Bloody skirmishes broke out near California's capitol building in Sacramento Sunday as self-described "anti-fascists" attempted to break up a white nationalist rally. Ten people were injured, including two who were stabbed and critically injured, according to CNN.

At noon, the Traditionalist Worker Party - described as a white nationalist hate group by the Southern Poverty Law Center - and the Golden State Skinheads, a local affiliate, were scheduled to hold a rally at noon outside the Capitol building.

As they assembled, however, the roughly 30-strong group was met and outnumbered by a wave from several different organizations, including Antifa Sacramento and the Black Hawks, who were present with the stated purpose of preventing the white nationalists from demonstrating.

Video and still images show several instances of violence erupting and people fighting and chasing one another, with members on both sides emerging bloody, beaten and bruised, despite the presence of 100 police officers attempting to control the crowd. As of Sunday night, it was unclear how many remain hospitalized.

"They're not welcome, and if they trip and fall in the process of that, good," said Yvette Falarca, with the group By Any Means Necessary, of the white nationalists. She had sustained a blow that required her head to be bandaged. "They need to go, and we succeeded in driving them out."

Several protesters used sticks and their fists to inflict wounds on others. Some altercations left spatters of blood on the pavement. To quell breakouts of violence, police fired rubber pellets and pepper spray balls at the demonstrators. In response, the protesters threw firecrackers at the police and the California Highway Patrol officers and their horses.

 

Caught in the fighting was 17-year-old Elias Odom, who had simply come to take photos of the event. "Before you know it, people were macing each other," he told the Los Angeles Times. "A gush of mace just got into my eyes, and I don't know what happened after that."

According to Sacramento Police Chief Sam Somers, the white nationalist skinheads have previously held rallies at the capitol, but this was the first at which the "anarchists" took a "much more aggressive stance to wreak havoc on the city," referring to those who tried to break up the rally. No matter the message, Somers told the Sacramento Bee, it was the skinheads' First-Amendment right to demonstrate.

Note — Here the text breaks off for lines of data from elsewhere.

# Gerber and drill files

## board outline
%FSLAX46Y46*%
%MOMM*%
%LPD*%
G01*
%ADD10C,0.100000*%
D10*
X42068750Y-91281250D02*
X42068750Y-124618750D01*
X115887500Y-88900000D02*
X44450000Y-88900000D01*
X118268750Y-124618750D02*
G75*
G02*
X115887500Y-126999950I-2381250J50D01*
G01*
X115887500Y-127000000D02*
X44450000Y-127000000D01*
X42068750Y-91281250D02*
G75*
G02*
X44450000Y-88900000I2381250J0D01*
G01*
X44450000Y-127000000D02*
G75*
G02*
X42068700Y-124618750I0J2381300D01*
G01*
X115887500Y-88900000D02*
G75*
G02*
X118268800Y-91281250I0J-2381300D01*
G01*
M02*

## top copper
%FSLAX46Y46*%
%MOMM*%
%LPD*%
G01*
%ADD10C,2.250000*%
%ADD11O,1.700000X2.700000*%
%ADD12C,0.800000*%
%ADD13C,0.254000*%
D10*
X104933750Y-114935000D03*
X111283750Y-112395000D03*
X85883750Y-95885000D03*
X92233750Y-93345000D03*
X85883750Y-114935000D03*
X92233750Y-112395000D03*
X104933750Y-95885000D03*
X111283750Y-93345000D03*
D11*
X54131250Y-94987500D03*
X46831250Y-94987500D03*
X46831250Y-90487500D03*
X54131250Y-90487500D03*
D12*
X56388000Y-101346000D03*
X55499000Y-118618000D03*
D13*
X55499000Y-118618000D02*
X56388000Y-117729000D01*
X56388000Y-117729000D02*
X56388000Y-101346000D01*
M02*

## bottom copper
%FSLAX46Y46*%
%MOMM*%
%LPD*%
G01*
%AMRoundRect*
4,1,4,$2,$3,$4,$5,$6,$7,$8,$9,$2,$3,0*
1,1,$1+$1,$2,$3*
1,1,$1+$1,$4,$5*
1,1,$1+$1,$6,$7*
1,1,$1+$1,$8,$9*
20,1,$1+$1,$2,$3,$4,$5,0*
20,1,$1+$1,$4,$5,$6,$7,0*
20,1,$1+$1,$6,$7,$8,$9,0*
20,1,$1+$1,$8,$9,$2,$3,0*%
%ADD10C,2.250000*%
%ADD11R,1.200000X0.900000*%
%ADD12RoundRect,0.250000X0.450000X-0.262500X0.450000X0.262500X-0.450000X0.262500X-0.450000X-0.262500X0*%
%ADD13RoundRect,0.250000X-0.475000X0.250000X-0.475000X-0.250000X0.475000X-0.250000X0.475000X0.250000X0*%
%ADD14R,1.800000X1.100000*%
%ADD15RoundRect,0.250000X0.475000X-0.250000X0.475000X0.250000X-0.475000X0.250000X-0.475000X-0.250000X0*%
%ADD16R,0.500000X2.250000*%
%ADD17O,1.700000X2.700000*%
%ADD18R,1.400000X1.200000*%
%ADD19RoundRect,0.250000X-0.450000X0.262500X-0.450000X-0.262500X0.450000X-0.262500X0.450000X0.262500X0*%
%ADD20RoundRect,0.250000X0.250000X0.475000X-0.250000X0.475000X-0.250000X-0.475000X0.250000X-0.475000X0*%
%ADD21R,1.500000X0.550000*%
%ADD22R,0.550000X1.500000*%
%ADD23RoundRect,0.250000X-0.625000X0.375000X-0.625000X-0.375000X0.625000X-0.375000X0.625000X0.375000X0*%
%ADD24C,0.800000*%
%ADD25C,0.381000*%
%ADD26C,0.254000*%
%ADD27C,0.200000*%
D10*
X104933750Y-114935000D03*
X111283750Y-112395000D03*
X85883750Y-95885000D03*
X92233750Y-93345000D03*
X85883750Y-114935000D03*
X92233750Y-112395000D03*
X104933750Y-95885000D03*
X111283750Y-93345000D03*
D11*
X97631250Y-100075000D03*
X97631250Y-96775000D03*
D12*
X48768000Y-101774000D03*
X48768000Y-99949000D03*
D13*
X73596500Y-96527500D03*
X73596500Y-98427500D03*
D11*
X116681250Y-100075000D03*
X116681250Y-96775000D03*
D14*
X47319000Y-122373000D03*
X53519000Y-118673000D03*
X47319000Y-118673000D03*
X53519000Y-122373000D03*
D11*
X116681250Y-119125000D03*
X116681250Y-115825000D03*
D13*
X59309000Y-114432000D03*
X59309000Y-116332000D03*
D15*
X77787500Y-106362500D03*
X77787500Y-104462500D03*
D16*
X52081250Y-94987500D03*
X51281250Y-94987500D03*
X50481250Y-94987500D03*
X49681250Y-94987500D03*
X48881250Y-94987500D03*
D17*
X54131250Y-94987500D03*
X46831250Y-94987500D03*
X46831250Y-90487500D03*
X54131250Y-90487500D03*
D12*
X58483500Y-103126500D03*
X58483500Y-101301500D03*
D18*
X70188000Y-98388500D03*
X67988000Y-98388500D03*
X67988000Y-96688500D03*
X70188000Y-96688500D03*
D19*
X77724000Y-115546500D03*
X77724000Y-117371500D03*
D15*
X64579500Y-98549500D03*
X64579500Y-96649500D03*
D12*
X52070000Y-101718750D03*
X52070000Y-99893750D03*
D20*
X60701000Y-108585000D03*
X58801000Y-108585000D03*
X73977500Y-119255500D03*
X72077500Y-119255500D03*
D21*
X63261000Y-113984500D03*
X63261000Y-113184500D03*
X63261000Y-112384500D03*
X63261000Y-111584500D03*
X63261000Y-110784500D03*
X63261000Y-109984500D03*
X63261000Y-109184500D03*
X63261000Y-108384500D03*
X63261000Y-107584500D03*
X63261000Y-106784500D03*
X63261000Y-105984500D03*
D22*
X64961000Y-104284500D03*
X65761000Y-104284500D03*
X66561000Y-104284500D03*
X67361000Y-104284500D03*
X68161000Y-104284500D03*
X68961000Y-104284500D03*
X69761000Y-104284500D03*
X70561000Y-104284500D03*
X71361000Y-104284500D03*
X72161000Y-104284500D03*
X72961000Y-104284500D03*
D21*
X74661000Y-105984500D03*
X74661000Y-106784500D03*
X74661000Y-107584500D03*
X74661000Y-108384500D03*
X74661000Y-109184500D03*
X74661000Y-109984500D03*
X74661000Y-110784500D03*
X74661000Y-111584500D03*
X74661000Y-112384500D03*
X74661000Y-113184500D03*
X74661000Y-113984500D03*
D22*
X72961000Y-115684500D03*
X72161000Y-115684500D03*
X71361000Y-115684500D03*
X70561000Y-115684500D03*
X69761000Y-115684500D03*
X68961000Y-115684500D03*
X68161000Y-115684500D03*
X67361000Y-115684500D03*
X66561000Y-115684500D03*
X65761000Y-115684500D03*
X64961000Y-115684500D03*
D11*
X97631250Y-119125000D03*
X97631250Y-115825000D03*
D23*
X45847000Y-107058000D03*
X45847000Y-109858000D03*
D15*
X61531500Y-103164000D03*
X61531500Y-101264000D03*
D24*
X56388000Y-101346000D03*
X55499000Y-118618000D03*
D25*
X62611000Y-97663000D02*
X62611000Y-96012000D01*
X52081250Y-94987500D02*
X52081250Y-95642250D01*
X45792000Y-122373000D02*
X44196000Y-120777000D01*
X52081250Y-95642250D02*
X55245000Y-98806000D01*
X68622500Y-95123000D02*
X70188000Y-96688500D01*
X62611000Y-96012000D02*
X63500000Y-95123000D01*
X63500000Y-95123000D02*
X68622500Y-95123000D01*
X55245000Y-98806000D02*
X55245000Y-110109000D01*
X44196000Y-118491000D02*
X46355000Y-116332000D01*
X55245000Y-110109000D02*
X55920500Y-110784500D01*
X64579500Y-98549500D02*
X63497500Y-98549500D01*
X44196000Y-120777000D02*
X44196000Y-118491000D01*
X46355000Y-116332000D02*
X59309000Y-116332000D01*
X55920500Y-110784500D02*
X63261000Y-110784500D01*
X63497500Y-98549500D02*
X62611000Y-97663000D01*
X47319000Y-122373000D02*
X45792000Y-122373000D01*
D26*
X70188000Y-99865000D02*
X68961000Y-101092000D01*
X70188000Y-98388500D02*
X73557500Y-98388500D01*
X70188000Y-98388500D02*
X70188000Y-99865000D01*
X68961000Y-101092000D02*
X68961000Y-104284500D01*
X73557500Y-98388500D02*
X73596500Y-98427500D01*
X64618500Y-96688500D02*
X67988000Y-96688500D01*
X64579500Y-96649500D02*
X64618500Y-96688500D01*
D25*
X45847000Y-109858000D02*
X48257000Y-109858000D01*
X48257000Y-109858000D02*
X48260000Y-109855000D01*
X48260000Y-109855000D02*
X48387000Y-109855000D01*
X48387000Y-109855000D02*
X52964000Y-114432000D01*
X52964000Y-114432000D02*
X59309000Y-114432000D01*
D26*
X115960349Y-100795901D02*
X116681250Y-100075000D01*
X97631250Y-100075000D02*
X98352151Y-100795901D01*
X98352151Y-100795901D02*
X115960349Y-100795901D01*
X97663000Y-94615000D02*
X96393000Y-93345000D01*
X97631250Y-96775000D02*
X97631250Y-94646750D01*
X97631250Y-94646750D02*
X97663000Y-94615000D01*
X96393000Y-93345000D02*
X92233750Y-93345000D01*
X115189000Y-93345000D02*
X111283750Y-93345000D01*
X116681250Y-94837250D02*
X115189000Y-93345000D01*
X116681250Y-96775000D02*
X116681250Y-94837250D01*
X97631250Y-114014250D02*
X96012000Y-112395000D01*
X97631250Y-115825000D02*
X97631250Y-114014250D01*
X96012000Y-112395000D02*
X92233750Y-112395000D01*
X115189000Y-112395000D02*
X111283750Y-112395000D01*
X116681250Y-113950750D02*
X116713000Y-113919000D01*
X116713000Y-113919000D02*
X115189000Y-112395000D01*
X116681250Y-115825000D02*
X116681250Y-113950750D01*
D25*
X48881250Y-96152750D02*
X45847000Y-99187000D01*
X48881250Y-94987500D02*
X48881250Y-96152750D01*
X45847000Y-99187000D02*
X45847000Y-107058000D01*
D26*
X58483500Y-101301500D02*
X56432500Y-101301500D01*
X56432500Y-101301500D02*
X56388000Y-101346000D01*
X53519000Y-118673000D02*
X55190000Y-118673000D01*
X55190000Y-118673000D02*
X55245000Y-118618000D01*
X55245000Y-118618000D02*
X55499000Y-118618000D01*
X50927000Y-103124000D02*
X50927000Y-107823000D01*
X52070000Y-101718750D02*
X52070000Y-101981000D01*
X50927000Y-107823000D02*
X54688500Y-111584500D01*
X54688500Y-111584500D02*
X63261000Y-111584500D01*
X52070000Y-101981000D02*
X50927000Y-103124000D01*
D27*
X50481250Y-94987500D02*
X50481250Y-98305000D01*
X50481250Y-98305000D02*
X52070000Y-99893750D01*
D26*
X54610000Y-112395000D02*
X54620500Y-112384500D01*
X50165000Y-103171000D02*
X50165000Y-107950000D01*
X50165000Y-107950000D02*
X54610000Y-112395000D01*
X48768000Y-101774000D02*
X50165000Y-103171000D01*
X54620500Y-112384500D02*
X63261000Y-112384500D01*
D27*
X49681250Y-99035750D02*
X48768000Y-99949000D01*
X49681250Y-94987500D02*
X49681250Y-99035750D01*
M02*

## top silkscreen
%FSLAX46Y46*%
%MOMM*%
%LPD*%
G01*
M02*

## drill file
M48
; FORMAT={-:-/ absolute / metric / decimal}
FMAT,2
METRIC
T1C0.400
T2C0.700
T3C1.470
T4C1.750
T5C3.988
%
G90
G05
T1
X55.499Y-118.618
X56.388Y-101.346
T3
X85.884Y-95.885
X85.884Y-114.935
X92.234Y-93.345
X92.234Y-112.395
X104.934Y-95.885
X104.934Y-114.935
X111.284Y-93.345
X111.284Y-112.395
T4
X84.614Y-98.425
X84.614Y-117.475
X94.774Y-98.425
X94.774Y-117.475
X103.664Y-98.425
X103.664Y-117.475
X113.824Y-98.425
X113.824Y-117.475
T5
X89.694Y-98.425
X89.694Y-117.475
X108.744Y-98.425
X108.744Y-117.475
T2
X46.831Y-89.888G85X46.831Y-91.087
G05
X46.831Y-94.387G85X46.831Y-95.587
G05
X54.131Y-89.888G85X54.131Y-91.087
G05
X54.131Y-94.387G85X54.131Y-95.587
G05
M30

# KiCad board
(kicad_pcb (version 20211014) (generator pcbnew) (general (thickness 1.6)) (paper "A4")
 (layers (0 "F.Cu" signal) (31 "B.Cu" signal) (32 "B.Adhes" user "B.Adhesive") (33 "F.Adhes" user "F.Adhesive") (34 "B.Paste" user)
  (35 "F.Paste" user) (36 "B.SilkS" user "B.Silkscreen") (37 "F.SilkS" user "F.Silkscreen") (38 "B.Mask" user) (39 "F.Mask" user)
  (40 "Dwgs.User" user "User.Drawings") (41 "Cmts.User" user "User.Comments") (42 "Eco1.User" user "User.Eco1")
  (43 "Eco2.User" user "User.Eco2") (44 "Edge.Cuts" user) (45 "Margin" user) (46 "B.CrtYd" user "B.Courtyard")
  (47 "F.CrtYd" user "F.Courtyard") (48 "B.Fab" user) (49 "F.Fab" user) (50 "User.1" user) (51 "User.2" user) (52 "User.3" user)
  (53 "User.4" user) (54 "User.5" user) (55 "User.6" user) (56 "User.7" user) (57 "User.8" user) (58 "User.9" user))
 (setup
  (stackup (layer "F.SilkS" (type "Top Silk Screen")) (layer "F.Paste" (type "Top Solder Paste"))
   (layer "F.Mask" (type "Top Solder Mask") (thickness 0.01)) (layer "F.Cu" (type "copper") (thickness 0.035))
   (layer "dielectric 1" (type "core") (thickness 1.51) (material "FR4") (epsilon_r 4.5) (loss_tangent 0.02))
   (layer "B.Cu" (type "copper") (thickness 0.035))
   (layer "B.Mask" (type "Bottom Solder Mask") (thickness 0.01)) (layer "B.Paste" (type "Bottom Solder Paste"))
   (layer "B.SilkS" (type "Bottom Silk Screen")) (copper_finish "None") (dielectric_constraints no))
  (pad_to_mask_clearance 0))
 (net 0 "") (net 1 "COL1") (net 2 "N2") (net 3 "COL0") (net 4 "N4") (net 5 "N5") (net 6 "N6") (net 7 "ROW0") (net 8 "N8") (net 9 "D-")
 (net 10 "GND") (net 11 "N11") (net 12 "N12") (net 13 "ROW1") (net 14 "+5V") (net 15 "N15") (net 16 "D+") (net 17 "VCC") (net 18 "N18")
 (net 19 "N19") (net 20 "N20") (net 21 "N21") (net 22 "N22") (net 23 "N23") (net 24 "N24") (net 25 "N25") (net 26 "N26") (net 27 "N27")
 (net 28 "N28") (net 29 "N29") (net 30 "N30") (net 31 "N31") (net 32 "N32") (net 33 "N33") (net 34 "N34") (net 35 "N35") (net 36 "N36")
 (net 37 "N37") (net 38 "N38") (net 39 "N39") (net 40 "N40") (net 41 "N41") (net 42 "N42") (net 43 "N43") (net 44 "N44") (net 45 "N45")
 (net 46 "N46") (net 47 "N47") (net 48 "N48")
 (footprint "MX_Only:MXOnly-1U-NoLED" (layer "F.Cu") (at 108.74375 117.475)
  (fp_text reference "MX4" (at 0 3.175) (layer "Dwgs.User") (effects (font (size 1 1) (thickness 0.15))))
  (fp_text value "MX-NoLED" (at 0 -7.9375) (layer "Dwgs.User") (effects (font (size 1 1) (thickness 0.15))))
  (pad "" np_thru_hole circle locked (at 5.08 0 48.0996) (size 1.75 1.75) (drill 1.75) (layers *.Cu *.Mask))
  (pad "" np_thru_hole circle locked (at 0 0) (size 3.9878 3.9878) (drill 3.9878) (layers *.Cu *.Mask))
  (pad "" np_thru_hole circle locked (at -5.08 0 48.0996) (size 1.75 1.75) (drill 1.75) (layers *.Cu *.Mask))
  (pad "1" thru_hole circle locked (at -3.81 -2.54) (size 2.25 2.25) (drill 1.47) (layers *.Cu "B.Mask") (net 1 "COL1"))
  (pad "2" thru_hole circle locked (at 2.54 -5.08) (size 2.25 2.25) (drill 1.47) (layers *.Cu "B.Mask") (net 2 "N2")))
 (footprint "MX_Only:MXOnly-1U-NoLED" (layer "F.Cu") (at 89.69375 98.425)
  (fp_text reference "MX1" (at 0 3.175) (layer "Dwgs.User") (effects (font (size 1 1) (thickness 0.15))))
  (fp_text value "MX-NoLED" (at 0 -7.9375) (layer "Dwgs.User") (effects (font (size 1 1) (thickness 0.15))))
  (pad "" np_thru_hole circle locked (at -5.08 0 48.0996) (size 1.75 1.75) (drill 1.75) (layers *.Cu *.Mask))
  (pad "" np_thru_hole circle locked (at 5.08 0 48.0996) (size 1.75 1.75) (drill 1.75) (layers *.Cu *.Mask))
  (pad "" np_thru_hole circle locked (at 0 0) (size 3.9878 3.9878) (drill 3.9878) (layers *.Cu *.Mask))
  (pad "1" thru_hole circle locked (at -3.81 -2.54) (size 2.25 2.25) (drill 1.47) (layers *.Cu "B.Mask") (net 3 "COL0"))
  (pad "2" thru_hole circle locked (at 2.54 -5.08) (size 2.25 2.25) (drill 1.47) (layers *.Cu "B.Mask") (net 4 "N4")))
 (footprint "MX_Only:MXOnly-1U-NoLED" (layer "F.Cu") (at 89.69375 117.475)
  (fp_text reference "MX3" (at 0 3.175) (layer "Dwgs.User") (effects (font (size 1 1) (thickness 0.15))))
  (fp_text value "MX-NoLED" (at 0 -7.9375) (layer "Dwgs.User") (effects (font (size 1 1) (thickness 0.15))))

The purpose of the rally was to reclaim the right to free speech for "working-class white Americans," which has been threatened at Trump rallies, Matt Parrot, a spokesman for the Traditionalist Worker Party told the Bee.

"Our message was very simple, that working-class white individuals will not be intimidated by threats and aggression that's been taking place on the West Coast but also at Trump rallies and other places around the country," Parrot told The Washington Post after the rally. "These leftist radicals have been attacking us. We will not be intimated."

The Traditionalist Worker Party purports to defend "faith, family and folk" against "economic exploitation, federal tyranny and anti-Christian degeneracy." In espousing pride for the white race, the TWP says on its website that it rejects white supremacy, instead believing that "all the world's peoples should embrace and celebrate their sacred heritage and identities." Nonetheless, it also discourages racial or ethnic intermarrying and mixing within communities, believing that races should inhabit separate enclaves.

Matthew Heimbach, chairman of the TWP and Parrot's son-in-law, confirmed to CNN that two "comrades" were among the injured. "One of our guys was stabbed in the artery," he told The Post.

Though he wasn't at the rally, Heimbach has been embroiled in controversies in the past, most recently for shoving and shouting aggressively at a black woman at a Trump rally in Louisville, Ky. While a student at Towson University, he started the White Student Union, which invited white supremacist speakers to campus and started "night patrols" to "keep students safe from black-on-white crime," according to the Southern Poverty Law Center. The WSU is affiliated with the Traditionalist Youth Network, which Heimbach also serves, as its Chief Information Officer.

After Sunday's rally, a blog post appeared on TYN's website asking for donations to support the medical and legal costs of the "Sacramento Spartans": "the men who risked and sacrificed so much today."

"Our event was a victory by all metrics. We won the physical fight. We provoked the leftists into showing their true colors," the website states.

"We are really glad to say that the people who are injured did not sustain life-threatening injuries, and we do have people who are making sure . . . that they have people who are taking care of them," Falarca said. "All it did was fuel our determination to keep this movement going and fight even harder."

The protest ended at roughly 3 p.m. local time. So far, no arrests have been reported.